Member of the National Assembly for Luangeni
- In office 2002–2006
- Preceded by: Solomon Mbuzi
- Succeeded by: Angela Cifire

Personal details
- Born: 4 May 1952 (age 72)
- Died: 7 June 2020
- Political party: United National Independence Party
- Profession: Farmer and Politician

= Besnat Jere =

Zambian politician

Besnat Hellen Mayase Jere (4 May 1952 - 7 June 2020) was a Zambian politician. She served as Member of the National Assembly for Luangeni from 2002 until 2006.

She was a princess and member of the Ngoni Royal Establishment as she was the granddaughter of HRH Nkosi (King) Nzamane II. Nkosi Nzamane II was the younger brother of HRH Paramount Kings of Kings Mpezeni II of the Ngoni people of Eastern Province.

==Biography==
Prior to entering politics, Jere was a farmer.

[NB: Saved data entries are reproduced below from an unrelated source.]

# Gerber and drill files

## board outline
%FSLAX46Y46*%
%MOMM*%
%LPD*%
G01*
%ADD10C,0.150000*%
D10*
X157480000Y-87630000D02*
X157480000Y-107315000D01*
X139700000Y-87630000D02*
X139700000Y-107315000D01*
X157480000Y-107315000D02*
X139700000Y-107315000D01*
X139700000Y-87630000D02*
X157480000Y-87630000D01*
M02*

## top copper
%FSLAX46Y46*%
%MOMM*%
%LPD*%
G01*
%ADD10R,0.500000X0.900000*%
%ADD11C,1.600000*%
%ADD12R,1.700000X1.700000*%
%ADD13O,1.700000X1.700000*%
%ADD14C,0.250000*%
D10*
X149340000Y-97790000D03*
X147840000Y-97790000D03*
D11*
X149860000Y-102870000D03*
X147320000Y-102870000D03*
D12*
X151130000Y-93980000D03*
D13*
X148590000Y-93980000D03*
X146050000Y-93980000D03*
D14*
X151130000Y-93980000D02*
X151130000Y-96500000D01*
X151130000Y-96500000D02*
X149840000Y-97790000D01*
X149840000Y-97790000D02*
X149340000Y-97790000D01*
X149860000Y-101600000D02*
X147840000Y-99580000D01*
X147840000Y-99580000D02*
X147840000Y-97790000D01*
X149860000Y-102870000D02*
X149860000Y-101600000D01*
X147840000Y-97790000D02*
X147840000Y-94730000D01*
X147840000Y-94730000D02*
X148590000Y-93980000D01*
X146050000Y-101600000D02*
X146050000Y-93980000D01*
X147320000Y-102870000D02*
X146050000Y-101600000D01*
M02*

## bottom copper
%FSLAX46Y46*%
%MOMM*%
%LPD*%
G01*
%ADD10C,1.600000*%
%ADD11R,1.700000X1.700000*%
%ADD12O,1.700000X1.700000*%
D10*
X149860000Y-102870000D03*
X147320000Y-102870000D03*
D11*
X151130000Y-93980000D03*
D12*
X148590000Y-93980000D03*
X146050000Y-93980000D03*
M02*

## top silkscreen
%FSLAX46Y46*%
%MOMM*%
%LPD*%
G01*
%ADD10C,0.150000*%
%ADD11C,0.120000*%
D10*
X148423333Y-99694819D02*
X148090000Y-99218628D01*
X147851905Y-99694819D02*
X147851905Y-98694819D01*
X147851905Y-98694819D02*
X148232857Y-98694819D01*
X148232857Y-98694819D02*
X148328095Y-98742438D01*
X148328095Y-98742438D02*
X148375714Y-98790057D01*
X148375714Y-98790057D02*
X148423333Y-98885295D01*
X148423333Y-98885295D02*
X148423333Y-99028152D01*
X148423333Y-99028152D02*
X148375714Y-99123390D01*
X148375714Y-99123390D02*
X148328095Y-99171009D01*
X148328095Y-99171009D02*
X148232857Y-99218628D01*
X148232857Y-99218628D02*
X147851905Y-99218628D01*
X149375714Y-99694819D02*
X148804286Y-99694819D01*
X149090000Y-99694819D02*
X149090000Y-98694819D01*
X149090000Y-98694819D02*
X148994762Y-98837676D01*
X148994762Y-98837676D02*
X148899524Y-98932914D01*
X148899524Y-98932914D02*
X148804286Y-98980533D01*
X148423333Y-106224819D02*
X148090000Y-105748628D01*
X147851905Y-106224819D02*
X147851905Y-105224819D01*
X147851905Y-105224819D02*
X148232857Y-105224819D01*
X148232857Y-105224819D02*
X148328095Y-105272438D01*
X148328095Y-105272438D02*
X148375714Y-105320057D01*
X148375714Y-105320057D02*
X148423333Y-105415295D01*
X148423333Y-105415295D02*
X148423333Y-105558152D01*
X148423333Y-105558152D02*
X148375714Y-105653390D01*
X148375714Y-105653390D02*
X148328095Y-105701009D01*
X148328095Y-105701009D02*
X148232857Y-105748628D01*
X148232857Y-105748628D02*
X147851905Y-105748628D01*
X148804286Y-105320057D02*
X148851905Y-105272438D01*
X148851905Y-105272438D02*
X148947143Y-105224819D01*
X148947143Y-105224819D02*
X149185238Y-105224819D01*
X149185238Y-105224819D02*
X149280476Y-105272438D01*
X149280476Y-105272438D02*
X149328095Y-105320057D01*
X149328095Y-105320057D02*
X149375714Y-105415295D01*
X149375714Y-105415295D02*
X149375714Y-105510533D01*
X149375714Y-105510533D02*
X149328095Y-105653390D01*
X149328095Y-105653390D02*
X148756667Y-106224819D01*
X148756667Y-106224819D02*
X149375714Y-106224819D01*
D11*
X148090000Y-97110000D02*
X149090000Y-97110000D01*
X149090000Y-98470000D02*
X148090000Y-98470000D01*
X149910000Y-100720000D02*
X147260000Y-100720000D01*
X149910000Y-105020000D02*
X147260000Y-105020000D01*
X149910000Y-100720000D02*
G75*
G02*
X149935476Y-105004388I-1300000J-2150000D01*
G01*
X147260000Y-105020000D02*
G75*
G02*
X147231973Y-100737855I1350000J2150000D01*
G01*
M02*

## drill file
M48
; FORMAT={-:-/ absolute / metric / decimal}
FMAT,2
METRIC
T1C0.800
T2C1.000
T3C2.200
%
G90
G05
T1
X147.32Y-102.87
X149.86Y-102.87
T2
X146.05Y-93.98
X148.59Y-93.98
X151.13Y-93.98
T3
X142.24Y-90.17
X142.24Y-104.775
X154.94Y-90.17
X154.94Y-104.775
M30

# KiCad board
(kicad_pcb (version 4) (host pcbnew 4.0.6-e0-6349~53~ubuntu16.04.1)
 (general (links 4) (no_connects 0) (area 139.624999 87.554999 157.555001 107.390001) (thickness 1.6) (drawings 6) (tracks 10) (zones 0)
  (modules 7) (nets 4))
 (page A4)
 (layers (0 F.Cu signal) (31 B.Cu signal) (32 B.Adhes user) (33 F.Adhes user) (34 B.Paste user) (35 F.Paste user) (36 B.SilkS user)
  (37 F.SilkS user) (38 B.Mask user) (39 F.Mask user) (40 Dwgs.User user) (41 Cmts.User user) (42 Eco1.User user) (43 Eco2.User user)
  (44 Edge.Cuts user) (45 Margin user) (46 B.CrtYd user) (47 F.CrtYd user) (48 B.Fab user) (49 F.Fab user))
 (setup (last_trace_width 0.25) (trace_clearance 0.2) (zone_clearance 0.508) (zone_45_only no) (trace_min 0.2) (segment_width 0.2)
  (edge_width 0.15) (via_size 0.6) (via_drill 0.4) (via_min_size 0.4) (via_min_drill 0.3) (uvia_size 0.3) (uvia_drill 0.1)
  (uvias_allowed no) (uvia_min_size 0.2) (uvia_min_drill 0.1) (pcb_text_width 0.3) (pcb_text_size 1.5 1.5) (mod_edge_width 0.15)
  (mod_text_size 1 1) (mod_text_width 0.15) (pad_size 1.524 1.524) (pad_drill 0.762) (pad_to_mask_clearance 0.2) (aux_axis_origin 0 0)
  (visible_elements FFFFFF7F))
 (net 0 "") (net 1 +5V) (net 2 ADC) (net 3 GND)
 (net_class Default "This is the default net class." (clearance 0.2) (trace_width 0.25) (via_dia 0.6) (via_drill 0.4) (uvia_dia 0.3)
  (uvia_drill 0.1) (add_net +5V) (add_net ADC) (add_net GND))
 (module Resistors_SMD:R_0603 (layer F.Cu) (at 148.59 97.79 180)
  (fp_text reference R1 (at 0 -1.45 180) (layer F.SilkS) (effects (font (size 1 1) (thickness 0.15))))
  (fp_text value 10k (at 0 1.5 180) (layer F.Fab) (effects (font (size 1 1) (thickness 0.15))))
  (fp_line (start 0.5 0.68) (end -0.5 0.68) (layer F.SilkS) (width 0.12))
  (fp_line (start -0.5 -0.68) (end 0.5 -0.68) (layer F.SilkS) (width 0.12))
  (pad 1 smd rect (at -0.75 0 180) (size 0.5 0.9) (layers F.Cu F.Paste F.Mask) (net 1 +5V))
  (pad 2 smd rect (at 0.75 0 180) (size 0.5 0.9) (layers F.Cu F.Paste F.Mask) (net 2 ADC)))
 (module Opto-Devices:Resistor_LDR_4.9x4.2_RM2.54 (layer F.Cu) (at 149.86 102.87 180)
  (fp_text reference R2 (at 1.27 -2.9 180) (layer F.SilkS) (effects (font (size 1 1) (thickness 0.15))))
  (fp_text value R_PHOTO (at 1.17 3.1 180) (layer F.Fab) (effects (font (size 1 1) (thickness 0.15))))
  (fp_line (start -0.05 2.15) (end 2.6 2.15) (layer F.SilkS) (width 0.12))
  (fp_line (start -0.05 -2.15) (end 2.6 -2.15) (layer F.SilkS) (width 0.12))
  (fp_arc (start 1.25 0) (end -0.05 2.15) (angle 117) (layer F.SilkS) (width 0.12))
  (fp_arc (start 1.25 0) (end 2.6 -2.15) (angle 115) (layer F.SilkS) (width 0.12))
  (pad 1 thru_hole circle (at 0 0 180) (size 1.6 1.6) (drill 0.8) (layers *.Cu *.Mask) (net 2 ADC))
  (pad 2 thru_hole circle (at 2.54 0 180) (size 1.6 1.6) (drill 0.8) (layers *.Cu *.Mask) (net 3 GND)))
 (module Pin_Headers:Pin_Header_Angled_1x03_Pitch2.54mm (layer B.Cu) (at 151.13 93.98 90)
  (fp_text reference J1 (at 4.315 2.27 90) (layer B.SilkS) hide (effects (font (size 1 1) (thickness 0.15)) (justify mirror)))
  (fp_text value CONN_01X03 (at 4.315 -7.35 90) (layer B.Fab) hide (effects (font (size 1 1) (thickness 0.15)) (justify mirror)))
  (pad 1 thru_hole rect (at 0 0 90) (size 1.7 1.7) (drill 1) (layers *.Cu *.Mask) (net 1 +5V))
  (pad 2 thru_hole oval (at 0 -2.54 90) (size 1.7 1.7) (drill 1) (layers *.Cu *.Mask) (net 2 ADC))
  (pad 3 thru_hole oval (at 0 -5.08 90) (size 1.7 1.7) (drill 1) (layers *.Cu *.Mask) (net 3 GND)))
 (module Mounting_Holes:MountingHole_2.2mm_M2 (layer F.Cu) (at 154.94 90.17)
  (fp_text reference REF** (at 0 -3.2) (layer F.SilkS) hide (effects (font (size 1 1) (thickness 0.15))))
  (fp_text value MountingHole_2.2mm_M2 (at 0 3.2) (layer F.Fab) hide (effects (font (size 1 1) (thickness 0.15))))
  (pad 1 np_thru_hole circle (at 0 0) (size 2.2 2.2) (drill 2.2) (layers *.Cu *.Mask)))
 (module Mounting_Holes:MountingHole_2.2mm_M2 (layer F.Cu) (at 142.24 90.17)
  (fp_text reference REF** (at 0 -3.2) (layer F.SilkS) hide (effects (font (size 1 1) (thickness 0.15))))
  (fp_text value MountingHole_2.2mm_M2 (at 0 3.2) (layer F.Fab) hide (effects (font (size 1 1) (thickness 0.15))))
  (pad 1 np_thru_hole circle (at 0 0) (size 2.2 2.2) (drill 2.2) (layers *.Cu *.Mask)))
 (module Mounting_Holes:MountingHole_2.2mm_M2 (layer F.Cu) (at 142.24 104.775)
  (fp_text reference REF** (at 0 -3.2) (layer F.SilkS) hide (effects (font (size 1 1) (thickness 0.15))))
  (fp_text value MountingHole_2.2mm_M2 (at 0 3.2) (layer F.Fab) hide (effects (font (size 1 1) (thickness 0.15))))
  (pad 1 np_thru_hole circle (at 0 0) (size 2.2 2.2) (drill 2.2) (layers *.Cu *.Mask)))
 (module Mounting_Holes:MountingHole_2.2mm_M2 (layer F.Cu) (at 154.94 104.775)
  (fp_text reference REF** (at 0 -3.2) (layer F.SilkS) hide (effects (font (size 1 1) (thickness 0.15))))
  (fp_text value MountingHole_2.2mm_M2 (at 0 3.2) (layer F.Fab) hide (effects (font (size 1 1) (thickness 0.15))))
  (pad 1 np_thru_hole circle (at 0 0) (size 2.2 2.2) (drill 2.2) (layers *.Cu *.Mask)))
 (gr_line (start 157.48 87.63) (end 157.48 107.315) (layer Edge.Cuts) (width 0.15))
 (gr_line (start 139.7 87.63) (end 139.7 107.315) (layer Edge.Cuts) (width 0.15))
 (gr_line (start 157.48 107.315) (end 139.7 107.315) (layer Edge.Cuts) (width 0.15))
 (gr_line (start 139.7 87.63) (end 157.48 87.63) (layer Edge.Cuts) (width 0.15))
 (segment (start 151.13 93.98) (end 151.13 96.5) (width 0.25) (layer F.Cu) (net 1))
 (segment (start 151.13 96.5) (end 149.84 97.79) (width 0.25) (layer F.Cu) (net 1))
 (segment (start 149.84 97.79) (end 149.34 97.79) (width 0.25) (layer F.Cu) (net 1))
 (segment (start 149.86 101.6) (end 147.84 99.58) (width 0.25) (layer F.Cu) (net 2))
 (segment (start 147.84 99.58) (end 147.84 97.79) (width 0.25) (layer F.Cu) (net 2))
 (segment (start 149.86 102.87) (end 149.86 101.6) (width 0.25) (layer F.Cu) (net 2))
 (segment (start 147.84 97.79) (end 147.84 94.73) (width 0.25) (layer F.Cu) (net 2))
 (segment (start 147.84 94.73) (end 148.59 93.98) (width 0.25) (layer F.Cu) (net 2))
 (segment (start 146.05 101.6) (end 146.05 93.98) (width 0.25) (layer F.Cu) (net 3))
 (segment (start 147.32 102.87) (end 146.05 101.6) (width 0.25) (layer F.Cu) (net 3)))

She was previously Postmaster General (Head) of Posts and Telecommunications Corporation (PTC) in Chipata. She was the United National Independence Party (UNIP) candidate in Luangeni in the 2001 general elections and was elected to the National Assembly with a 2,027-vote majority. During her first term in parliament she was a member of the Pan-African Parliament.

In the 2006 general elections UNIP joined the United Democratic Alliance, with Jere nominated as the alliance's candidate in Luangeni. However, she finished third behind Angela Cifire of the Movement for Multi-Party Democracy and Charles Zulu of the Patriotic Front.